Once the line with "X164500000Y-64040000D03*" is found in the entries below, print it and each following line exactly, stopping after the line with "X200310000Y-83370000D02*"; print nothing else.

------ DATASET EXCERPTS ------

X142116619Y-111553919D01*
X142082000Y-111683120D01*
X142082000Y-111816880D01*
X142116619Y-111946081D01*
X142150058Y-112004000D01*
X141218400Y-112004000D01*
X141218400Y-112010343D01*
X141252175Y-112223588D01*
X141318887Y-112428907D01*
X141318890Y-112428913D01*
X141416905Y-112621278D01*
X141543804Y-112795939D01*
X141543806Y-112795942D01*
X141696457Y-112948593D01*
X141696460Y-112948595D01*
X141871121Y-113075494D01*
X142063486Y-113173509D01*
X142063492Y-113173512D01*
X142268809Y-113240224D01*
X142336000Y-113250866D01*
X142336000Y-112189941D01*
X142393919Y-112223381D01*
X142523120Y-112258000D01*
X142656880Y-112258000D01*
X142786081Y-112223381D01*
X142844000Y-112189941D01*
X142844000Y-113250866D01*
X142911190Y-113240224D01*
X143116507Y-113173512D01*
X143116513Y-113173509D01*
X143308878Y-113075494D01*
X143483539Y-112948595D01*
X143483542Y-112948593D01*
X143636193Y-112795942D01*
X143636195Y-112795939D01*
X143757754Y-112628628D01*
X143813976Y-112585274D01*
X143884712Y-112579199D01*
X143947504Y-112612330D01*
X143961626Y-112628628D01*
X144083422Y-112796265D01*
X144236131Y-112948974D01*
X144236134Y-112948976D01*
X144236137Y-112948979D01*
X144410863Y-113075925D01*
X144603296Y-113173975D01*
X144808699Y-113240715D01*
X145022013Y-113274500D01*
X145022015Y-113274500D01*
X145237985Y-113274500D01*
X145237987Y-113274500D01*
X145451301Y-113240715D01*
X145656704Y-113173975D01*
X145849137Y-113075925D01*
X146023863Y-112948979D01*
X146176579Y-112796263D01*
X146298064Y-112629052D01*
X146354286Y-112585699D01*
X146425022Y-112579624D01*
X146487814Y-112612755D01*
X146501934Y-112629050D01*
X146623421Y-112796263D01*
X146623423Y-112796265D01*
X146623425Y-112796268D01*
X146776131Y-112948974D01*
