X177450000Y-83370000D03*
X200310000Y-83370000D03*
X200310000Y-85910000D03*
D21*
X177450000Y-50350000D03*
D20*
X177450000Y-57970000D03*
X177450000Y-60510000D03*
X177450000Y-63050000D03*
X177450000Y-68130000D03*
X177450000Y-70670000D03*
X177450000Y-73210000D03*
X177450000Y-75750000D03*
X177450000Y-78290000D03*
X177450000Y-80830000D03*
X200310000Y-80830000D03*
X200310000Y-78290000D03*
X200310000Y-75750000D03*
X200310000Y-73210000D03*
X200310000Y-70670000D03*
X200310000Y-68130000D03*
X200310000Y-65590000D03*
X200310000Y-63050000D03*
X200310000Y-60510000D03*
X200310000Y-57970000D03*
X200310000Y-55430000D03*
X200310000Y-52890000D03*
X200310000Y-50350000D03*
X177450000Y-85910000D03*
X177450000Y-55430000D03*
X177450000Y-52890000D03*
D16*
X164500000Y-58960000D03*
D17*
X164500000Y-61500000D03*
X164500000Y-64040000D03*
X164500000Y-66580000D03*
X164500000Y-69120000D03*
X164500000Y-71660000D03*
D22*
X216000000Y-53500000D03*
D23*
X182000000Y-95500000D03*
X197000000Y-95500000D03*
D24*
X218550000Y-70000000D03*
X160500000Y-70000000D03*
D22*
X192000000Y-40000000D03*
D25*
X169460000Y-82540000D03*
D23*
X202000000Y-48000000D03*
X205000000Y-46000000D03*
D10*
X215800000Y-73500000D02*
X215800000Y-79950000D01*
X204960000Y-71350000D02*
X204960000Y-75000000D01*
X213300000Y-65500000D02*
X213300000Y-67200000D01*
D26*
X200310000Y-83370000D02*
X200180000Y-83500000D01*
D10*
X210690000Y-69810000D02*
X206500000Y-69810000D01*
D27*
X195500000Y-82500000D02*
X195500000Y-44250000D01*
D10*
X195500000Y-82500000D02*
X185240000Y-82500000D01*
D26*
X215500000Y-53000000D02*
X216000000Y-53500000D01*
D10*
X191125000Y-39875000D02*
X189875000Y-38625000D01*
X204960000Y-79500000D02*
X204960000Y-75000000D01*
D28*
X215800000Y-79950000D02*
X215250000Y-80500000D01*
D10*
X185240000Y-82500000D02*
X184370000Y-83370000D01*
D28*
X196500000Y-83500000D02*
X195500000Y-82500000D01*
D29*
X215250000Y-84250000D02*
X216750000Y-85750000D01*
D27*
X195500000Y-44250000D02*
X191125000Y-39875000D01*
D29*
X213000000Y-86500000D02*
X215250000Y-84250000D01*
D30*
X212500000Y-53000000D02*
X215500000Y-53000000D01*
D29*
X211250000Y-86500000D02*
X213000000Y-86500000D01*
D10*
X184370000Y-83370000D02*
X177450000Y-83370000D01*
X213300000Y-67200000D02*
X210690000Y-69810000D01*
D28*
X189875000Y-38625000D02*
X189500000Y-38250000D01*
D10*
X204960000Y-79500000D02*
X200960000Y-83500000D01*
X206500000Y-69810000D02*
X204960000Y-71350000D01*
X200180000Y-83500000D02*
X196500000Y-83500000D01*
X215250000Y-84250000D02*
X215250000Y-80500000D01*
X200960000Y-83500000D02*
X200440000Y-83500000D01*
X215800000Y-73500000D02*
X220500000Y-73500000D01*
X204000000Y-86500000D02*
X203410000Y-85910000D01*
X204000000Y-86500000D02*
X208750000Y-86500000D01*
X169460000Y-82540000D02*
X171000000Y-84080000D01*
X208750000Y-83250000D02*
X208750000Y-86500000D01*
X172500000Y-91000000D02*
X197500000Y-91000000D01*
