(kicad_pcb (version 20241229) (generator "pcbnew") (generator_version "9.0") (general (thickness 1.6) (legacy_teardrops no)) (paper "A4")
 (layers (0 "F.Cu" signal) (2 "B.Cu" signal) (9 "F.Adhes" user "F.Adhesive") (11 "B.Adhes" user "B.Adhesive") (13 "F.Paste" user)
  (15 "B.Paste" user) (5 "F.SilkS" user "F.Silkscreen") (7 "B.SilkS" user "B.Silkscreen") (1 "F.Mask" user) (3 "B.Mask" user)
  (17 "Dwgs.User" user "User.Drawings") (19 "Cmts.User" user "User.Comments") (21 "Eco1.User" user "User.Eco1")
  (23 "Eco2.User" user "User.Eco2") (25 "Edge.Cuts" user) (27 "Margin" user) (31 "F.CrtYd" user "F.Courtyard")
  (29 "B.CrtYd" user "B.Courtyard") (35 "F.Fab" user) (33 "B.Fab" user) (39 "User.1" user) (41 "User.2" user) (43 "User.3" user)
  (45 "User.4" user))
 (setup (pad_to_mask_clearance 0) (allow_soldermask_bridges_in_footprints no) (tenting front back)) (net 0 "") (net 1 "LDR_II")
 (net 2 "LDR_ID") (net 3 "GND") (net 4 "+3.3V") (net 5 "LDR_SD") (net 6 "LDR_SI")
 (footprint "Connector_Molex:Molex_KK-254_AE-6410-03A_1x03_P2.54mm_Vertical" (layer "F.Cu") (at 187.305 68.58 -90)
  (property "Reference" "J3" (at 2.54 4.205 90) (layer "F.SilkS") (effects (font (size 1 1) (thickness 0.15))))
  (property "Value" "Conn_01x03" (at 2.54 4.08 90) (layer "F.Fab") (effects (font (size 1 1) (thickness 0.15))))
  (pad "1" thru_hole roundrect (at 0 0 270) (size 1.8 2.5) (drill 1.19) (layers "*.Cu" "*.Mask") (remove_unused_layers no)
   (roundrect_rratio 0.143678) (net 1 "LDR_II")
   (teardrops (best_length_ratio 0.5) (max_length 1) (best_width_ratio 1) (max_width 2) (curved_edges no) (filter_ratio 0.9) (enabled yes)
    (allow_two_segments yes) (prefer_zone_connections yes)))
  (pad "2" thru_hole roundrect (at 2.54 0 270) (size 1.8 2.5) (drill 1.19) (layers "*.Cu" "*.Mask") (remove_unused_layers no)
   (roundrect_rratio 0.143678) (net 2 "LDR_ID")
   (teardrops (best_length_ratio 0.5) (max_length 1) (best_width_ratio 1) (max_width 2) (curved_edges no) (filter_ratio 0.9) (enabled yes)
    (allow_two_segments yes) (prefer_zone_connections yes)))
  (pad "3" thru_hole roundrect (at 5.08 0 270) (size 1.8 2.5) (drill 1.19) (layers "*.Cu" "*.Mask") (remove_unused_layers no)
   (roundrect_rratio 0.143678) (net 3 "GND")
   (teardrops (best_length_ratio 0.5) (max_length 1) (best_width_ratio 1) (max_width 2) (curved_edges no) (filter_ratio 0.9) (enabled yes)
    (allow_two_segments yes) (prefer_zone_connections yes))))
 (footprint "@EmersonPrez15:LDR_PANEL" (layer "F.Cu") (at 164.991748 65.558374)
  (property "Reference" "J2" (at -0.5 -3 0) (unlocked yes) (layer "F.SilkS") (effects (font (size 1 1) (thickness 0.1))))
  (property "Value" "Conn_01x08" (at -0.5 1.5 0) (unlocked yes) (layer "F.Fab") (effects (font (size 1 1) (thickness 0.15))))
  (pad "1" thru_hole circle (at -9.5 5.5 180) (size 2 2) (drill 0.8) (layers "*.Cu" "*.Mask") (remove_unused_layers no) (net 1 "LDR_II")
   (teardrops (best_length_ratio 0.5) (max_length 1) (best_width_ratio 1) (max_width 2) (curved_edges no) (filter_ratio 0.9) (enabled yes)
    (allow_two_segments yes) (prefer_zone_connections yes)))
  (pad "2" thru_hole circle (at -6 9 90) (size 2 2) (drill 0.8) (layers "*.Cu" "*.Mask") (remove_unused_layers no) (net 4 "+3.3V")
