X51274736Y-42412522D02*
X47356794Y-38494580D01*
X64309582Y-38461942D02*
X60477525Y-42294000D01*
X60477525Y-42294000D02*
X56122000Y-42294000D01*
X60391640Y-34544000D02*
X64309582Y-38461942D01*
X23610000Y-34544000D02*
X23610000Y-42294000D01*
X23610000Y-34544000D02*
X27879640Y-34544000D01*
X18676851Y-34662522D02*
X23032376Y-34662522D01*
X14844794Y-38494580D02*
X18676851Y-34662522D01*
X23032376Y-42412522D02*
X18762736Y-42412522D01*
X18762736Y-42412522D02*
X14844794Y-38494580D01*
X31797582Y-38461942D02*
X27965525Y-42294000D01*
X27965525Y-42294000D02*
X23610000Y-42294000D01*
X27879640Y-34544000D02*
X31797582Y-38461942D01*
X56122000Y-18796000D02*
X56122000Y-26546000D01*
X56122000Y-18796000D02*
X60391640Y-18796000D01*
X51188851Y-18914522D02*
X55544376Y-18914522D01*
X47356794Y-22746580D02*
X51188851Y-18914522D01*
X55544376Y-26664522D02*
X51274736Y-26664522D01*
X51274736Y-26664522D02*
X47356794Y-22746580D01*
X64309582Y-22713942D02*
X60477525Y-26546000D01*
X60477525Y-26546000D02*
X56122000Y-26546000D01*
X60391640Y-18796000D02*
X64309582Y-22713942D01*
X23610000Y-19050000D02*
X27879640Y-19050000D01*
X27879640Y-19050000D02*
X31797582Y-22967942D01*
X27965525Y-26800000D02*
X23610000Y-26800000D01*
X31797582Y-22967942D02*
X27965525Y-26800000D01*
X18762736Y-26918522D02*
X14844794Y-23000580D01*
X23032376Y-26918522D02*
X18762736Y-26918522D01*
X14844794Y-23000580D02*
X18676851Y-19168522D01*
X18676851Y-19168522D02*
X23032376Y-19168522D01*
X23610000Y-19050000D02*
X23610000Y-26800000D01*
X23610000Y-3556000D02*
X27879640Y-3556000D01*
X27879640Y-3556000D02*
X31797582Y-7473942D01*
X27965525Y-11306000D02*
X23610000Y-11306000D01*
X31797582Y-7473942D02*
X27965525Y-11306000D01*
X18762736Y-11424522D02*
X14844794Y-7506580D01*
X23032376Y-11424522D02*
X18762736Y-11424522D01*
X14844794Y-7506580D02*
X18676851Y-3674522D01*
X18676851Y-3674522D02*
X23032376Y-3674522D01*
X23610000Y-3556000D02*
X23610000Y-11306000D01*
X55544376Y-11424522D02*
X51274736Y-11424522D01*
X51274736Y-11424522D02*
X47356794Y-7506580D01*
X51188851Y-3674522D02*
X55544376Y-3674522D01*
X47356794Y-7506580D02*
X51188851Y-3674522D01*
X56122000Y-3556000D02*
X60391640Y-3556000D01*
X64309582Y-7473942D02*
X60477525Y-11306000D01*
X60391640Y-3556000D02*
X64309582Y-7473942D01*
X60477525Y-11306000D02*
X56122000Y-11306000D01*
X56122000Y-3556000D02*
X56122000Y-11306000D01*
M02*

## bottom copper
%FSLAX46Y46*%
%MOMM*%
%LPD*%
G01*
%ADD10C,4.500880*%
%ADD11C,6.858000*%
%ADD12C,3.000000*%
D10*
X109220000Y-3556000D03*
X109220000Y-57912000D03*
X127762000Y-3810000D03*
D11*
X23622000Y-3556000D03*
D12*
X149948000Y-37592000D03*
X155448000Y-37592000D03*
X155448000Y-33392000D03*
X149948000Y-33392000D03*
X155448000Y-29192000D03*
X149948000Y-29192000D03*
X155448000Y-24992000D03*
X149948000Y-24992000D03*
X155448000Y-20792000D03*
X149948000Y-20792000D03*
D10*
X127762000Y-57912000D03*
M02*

------

COMPLETED EXERCISE ->
X164500000Y-64040000D03*
X164500000Y-66580000D03*
X164500000Y-69120000D03*
X164500000Y-71660000D03*
D22*
X216000000Y-53500000D03*
D23*
X182000000Y-95500000D03*
X197000000Y-95500000D03*
D24*
X218550000Y-70000000D03*
X160500000Y-70000000D03*
D22*
X192000000Y-40000000D03*
D25*
X169460000Y-82540000D03*
D23*
X202000000Y-48000000D03*
X205000000Y-46000000D03*
D10*
X215800000Y-73500000D02*
X215800000Y-79950000D01*
X204960000Y-71350000D02*
X204960000Y-75000000D01*
X213300000Y-65500000D02*
X213300000Y-67200000D01*
D26*
X200310000Y-83370000D02*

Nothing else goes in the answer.